Some of the interest, beyond the widespread need for electricity, appears to be driven by forecasts of robust economic growth over the next few years – and concern that a lack of infrastructure could deter investments and development across the continent, he adds.

However, a significant challenge to power infrastructure development is a shortage of funds. “It’s a vicious cycle – these countries lack the revenue to invest in power, but without reliable generating capacity, they can’t grow their economies.”

Cross-border power is a solution that is gaining popularity in some parts of Africa, with Côte d’Ivoire, for example, already exporting some of its excess power capacity to Burkina Faso, Ghana and Mali, Marcroft highlights.
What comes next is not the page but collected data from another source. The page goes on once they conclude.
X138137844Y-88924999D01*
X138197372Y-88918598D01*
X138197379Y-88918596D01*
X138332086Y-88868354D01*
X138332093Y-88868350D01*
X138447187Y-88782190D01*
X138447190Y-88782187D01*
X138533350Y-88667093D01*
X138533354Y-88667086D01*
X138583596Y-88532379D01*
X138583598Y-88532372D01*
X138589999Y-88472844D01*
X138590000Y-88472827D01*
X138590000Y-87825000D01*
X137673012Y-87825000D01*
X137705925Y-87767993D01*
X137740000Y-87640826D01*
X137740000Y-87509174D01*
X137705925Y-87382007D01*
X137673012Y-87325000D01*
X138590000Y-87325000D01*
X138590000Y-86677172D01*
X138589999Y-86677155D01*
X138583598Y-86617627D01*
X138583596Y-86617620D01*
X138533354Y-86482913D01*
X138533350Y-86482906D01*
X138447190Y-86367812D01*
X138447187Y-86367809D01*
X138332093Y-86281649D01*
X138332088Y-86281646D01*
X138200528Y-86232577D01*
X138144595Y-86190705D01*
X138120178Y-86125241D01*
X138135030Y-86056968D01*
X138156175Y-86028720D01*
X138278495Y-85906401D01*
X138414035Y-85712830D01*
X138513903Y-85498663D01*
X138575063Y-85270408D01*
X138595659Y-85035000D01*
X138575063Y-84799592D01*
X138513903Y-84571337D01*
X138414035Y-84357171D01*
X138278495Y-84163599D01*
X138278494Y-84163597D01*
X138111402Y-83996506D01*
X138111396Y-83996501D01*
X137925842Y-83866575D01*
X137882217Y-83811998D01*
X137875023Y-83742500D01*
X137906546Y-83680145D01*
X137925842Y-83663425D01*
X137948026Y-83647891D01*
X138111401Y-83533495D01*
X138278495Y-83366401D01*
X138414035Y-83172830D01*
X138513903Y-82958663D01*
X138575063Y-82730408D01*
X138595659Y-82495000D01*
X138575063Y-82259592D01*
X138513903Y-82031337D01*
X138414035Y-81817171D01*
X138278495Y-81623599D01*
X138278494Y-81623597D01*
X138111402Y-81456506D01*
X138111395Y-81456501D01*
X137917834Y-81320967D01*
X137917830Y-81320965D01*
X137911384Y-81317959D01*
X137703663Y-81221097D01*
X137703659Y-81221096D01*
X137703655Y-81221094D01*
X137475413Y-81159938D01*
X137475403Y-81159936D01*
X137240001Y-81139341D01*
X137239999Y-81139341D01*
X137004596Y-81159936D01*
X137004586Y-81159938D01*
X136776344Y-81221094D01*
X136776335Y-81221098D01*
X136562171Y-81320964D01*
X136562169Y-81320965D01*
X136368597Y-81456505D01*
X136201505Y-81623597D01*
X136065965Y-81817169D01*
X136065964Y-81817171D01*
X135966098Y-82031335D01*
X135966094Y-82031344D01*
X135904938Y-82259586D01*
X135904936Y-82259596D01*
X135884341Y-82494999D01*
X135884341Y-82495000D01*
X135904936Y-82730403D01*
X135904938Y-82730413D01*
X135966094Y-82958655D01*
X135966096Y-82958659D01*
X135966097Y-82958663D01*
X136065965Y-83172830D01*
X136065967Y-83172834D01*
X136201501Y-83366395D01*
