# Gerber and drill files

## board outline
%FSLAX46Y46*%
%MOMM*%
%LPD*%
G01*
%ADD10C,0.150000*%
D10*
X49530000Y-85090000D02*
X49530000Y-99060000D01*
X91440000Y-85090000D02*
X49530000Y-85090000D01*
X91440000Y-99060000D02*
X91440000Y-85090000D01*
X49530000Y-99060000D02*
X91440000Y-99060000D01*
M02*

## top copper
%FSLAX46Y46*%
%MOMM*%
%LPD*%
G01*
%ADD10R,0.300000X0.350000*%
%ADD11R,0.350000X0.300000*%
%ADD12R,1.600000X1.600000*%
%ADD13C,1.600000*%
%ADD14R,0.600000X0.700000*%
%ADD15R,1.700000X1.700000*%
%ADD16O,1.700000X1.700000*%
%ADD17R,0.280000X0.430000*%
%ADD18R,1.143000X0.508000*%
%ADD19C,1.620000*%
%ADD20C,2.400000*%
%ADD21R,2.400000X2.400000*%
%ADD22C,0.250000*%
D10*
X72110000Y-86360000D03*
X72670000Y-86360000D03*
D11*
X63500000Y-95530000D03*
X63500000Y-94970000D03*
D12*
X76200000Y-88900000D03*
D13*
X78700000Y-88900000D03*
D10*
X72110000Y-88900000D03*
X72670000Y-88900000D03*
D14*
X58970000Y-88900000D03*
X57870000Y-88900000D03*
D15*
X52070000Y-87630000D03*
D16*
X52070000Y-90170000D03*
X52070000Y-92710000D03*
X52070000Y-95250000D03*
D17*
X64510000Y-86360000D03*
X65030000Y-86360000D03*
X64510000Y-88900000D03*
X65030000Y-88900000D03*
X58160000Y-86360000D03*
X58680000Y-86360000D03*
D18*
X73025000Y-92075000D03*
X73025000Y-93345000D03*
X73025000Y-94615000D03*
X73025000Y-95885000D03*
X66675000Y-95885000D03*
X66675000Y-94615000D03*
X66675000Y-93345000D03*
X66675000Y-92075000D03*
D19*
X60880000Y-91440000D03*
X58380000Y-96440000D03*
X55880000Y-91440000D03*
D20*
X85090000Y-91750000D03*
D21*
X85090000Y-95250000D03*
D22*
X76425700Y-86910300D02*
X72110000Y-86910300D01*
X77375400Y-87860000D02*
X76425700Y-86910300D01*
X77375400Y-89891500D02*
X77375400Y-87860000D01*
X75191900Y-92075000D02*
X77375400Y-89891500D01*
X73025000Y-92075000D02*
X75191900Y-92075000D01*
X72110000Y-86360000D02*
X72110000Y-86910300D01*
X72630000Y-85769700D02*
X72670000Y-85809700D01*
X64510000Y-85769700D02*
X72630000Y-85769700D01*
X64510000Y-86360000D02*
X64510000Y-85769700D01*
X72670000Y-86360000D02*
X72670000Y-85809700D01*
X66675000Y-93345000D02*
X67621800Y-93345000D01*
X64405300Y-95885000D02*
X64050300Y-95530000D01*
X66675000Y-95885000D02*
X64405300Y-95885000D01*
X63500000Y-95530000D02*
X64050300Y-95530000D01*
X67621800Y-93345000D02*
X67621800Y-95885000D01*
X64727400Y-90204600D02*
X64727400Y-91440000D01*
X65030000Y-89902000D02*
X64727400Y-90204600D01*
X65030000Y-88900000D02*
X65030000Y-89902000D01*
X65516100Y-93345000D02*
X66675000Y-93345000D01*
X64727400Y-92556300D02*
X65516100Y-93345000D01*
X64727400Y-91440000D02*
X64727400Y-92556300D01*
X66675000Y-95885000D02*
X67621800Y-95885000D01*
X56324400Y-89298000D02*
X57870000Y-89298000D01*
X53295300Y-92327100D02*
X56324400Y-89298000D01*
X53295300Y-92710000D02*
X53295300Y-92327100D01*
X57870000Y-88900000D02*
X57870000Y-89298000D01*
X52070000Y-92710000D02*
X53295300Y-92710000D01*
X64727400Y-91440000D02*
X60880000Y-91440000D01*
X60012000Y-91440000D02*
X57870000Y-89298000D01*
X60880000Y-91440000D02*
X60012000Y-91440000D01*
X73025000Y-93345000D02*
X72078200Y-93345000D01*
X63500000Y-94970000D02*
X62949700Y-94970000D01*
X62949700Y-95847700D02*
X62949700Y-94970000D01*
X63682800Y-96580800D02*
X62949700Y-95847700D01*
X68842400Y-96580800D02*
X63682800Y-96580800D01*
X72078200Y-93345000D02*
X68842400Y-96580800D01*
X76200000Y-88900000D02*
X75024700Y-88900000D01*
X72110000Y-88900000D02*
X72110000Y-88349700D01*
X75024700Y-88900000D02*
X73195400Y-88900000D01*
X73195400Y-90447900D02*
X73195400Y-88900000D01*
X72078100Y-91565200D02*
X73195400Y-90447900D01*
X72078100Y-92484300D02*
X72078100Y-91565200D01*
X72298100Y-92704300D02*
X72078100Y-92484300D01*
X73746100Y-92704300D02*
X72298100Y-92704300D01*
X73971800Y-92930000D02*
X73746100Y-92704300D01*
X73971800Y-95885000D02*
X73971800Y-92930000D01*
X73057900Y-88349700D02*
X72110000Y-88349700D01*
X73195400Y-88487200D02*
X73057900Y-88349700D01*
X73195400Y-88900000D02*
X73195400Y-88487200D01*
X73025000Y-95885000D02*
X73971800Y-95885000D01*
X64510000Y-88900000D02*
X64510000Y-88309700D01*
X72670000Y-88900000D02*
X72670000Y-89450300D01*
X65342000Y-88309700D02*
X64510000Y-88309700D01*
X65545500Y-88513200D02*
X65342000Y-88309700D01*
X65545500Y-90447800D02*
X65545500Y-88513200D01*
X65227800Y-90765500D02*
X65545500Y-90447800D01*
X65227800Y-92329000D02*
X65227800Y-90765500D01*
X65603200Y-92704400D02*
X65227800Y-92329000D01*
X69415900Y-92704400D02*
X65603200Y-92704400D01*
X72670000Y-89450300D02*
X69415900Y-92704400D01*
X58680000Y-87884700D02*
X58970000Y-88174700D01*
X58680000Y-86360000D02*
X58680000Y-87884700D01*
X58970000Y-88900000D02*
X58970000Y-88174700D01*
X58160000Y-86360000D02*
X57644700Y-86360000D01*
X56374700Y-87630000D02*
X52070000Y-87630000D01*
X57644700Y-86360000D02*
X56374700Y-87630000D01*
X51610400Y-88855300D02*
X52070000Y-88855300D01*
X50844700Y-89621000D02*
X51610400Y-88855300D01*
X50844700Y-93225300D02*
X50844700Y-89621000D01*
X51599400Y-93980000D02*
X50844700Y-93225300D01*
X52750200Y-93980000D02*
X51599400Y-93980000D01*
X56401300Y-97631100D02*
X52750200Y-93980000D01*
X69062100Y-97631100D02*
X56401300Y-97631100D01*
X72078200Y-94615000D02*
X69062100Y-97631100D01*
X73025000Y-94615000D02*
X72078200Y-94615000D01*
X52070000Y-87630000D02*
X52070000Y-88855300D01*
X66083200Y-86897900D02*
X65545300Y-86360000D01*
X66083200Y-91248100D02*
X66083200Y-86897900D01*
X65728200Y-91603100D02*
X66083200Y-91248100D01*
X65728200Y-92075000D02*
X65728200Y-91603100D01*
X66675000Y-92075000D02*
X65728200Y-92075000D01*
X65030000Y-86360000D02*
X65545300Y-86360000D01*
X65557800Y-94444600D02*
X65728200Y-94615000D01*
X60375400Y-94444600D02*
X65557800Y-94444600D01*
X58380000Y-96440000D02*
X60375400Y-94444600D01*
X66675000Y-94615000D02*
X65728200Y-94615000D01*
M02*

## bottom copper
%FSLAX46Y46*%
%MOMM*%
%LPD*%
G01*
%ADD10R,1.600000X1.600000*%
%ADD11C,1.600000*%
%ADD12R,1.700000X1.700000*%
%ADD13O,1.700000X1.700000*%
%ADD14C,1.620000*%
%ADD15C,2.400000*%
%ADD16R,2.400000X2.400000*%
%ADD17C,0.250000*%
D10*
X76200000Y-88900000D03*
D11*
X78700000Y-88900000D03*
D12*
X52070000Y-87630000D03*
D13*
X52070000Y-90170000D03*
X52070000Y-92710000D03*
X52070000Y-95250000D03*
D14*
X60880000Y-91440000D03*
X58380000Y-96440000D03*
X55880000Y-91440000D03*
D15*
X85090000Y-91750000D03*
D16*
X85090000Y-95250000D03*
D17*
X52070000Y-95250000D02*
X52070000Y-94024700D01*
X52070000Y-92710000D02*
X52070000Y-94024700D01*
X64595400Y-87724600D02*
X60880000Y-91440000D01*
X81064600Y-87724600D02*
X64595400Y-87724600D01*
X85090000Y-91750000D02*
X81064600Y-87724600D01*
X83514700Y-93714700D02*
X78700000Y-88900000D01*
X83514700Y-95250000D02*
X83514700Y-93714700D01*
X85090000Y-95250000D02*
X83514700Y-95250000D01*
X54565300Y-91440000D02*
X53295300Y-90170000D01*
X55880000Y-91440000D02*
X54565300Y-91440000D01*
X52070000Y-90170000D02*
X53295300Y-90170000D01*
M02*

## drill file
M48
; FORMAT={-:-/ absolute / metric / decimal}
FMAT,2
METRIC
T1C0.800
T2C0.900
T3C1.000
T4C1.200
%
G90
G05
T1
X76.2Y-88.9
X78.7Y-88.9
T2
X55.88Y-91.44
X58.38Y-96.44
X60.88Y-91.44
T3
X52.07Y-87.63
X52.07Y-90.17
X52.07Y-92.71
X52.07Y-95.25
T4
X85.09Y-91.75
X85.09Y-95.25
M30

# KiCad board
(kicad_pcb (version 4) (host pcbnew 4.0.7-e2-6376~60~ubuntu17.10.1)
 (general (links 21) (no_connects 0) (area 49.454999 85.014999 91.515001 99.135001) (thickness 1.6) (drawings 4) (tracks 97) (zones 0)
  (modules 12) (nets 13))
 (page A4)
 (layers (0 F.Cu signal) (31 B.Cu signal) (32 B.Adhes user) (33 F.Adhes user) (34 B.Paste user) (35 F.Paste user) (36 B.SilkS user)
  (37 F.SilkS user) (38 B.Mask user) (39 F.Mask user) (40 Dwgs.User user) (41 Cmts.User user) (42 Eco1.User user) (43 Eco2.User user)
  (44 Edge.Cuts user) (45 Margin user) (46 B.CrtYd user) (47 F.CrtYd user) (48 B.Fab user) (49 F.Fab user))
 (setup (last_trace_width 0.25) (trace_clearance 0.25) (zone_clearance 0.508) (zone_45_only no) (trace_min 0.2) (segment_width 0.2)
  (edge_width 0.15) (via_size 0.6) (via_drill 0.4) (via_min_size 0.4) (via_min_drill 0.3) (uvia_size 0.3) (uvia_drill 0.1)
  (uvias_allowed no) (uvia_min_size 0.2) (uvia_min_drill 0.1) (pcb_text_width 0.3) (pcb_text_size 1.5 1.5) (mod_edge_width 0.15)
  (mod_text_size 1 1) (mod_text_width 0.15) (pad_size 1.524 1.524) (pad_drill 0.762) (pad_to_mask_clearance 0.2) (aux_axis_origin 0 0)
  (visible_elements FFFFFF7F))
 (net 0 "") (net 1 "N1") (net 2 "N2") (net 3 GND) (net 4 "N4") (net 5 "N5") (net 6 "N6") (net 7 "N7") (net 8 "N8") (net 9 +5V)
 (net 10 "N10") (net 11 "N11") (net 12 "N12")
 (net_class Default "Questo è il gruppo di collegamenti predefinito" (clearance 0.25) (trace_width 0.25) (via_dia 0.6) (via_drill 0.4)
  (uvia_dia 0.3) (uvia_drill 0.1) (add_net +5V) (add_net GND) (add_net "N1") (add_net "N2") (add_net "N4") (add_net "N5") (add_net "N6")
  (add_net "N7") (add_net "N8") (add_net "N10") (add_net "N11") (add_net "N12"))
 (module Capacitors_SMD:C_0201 (layer F.Cu) (at 72.39 86.36)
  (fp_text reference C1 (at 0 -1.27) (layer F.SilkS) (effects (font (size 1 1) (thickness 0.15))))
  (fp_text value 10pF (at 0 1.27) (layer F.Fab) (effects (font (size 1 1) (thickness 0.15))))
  (pad 1 smd rect (at -0.28 0) (size 0.3 0.35) (layers F.Cu F.Paste F.Mask) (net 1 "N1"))
  (pad 2 smd rect (at 0.28 0) (size 0.3 0.35) (layers F.Cu F.Paste F.Mask) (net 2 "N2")))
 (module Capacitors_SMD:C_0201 (layer F.Cu) (at 63.5 95.25 90)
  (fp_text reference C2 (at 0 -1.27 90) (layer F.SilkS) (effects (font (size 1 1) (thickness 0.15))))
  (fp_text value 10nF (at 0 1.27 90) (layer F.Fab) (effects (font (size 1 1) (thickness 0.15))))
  (pad 1 smd rect (at -0.28 0 90) (size 0.3 0.35) (layers F.Cu F.Paste F.Mask) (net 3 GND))
  (pad 2 smd rect (at 0.28 0 90) (size 0.3 0.35) (layers F.Cu F.Paste F.Mask) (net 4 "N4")))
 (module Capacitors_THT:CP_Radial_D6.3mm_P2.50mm (layer F.Cu) (at 76.2 88.9)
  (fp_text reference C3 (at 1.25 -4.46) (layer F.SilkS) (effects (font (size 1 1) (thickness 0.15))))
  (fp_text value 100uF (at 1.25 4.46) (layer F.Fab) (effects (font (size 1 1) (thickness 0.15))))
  (pad 1 thru_hole rect (at 0 0) (size 1.6 1.6) (drill 0.8) (layers *.Cu *.Mask) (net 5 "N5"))
  (pad 2 thru_hole circle (at 2.5 0) (size 1.6 1.6) (drill 0.8) (layers *.Cu *.Mask) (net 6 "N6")))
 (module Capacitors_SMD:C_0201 (layer F.Cu) (at 72.39 88.9)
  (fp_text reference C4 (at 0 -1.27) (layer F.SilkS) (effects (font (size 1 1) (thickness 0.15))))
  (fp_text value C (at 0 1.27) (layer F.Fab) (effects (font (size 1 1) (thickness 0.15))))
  (pad 1 smd rect (at -0.28 0) (size 0.3 0.35) (layers F.Cu F.Paste F.Mask) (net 5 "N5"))
  (pad 2 smd rect (at 0.28 0) (size 0.3 0.35) (layers F.Cu F.Paste F.Mask) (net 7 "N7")))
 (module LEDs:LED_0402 (layer F.Cu) (at 58.42 88.9)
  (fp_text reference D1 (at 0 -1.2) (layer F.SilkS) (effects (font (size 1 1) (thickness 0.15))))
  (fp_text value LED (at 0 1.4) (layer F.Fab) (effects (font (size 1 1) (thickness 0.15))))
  (pad 2 smd rect (at 0.55 0 180) (size 0.6 0.7) (layers F.Cu F.Paste F.Mask) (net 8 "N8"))
  (pad 1 smd rect (at -0.55 0 180) (size 0.6 0.7) (layers F.Cu F.Paste F.Mask) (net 3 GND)))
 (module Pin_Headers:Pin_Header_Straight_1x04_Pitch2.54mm (layer F.Cu) (at 52.07 87.63)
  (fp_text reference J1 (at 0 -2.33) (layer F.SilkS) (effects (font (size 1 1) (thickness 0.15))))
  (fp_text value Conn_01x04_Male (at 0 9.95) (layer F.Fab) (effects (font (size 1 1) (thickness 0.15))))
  (pad 1 thru_hole rect (at 0 0) (size 1.7 1.7) (drill 1) (layers *.Cu *.Mask) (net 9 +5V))
  (pad 2 thru_hole oval (at 0 2.54) (size 1.7 1.7) (drill 1) (layers *.Cu *.Mask) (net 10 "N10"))
  (pad 3 thru_hole oval (at 0 5.08) (size 1.7 1.7) (drill 1) (layers *.Cu *.Mask) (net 3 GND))
  (pad 4 thru_hole oval (at 0 7.62) (size 1.7 1.7) (drill 1) (layers *.Cu *.Mask) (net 3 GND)))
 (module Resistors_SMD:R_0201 (layer F.Cu) (at 64.77 86.36)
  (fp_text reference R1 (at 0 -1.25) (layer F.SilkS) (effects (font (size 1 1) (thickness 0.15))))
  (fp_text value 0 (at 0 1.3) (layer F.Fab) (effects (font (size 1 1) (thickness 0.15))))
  (pad 1 smd rect (at -0.26 0) (size 0.28 0.43) (layers F.Cu F.Paste F.Mask) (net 2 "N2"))
  (pad 2 smd rect (at 0.26 0) (size 0.28 0.43) (layers F.Cu F.Paste F.Mask) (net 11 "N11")))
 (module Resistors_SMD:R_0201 (layer F.Cu) (at 64.77 88.9)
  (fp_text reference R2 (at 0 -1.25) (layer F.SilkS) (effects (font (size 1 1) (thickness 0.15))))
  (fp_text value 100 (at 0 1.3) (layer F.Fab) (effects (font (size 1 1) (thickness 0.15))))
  (pad 1 smd rect (at -0.26 0) (size 0.28 0.43) (layers F.Cu F.Paste F.Mask) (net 7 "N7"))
“We believe the development of regional power hubs and additional transmission infrastructure to support a broader adoption of cross-border power will transform the Southern, West and East Africa power pools from concepts into reality, and make them drivers of economic growth across sub-Saharan Africa.”

Marcroft explains that countries that have indigenous natural gas or access to tanker shipments of liquefied natural gas (LNG) or liquefied petroleum gas (LPG) – such as South Africa, Ghana, Mozambique and Namibia – could install enough generating capacity using fast-track mobile turbines to meet local demand. Excess power could then be exported to neighbouring countries.

“It would be a win-win for everyone involved. The host country could generate export revenues and the importing countries would gain access to much-needed electricity without investing millions of dollars and many years building permanent power plants.”

A Bridge to Permanent Power
While fast-track mobile turbines solutions offer many benefits for temporary power supply, Marcroft stresses that they are not a permanent solution, as they are not as efficient as an installed combined-cycle plant.

He points out that such solutions are useful when large blocks of reliable power are needed in weeks rather than years, with the rapid availability and the turbines’ power density making them an ideal bridging solution that can provide from 20 MW to 500 MW of reliable baseload electricity during the construction of a combined-cycle plant or other permanent generating capacity.

Once the permanent plant is completed, the mobile units can be decommissioned, removed from the site and redeployed to a new location.

“The construction of permanent power plants can be daunting. The process of planning, building and eventual commissioning can take years. “Throw in the lack of available financing, permitting hurdles, inadequate or ageing infrastructure and sociopolitical issues, and the timeline for permanent power can seem insurmountable for many developing nations.”

However, with mobile power generation, the 621-million people in sub-Saharan Africa who lack electricity do not have to wait years for this key ingredient of economic growth and a better quality of life, concludes Marcroft.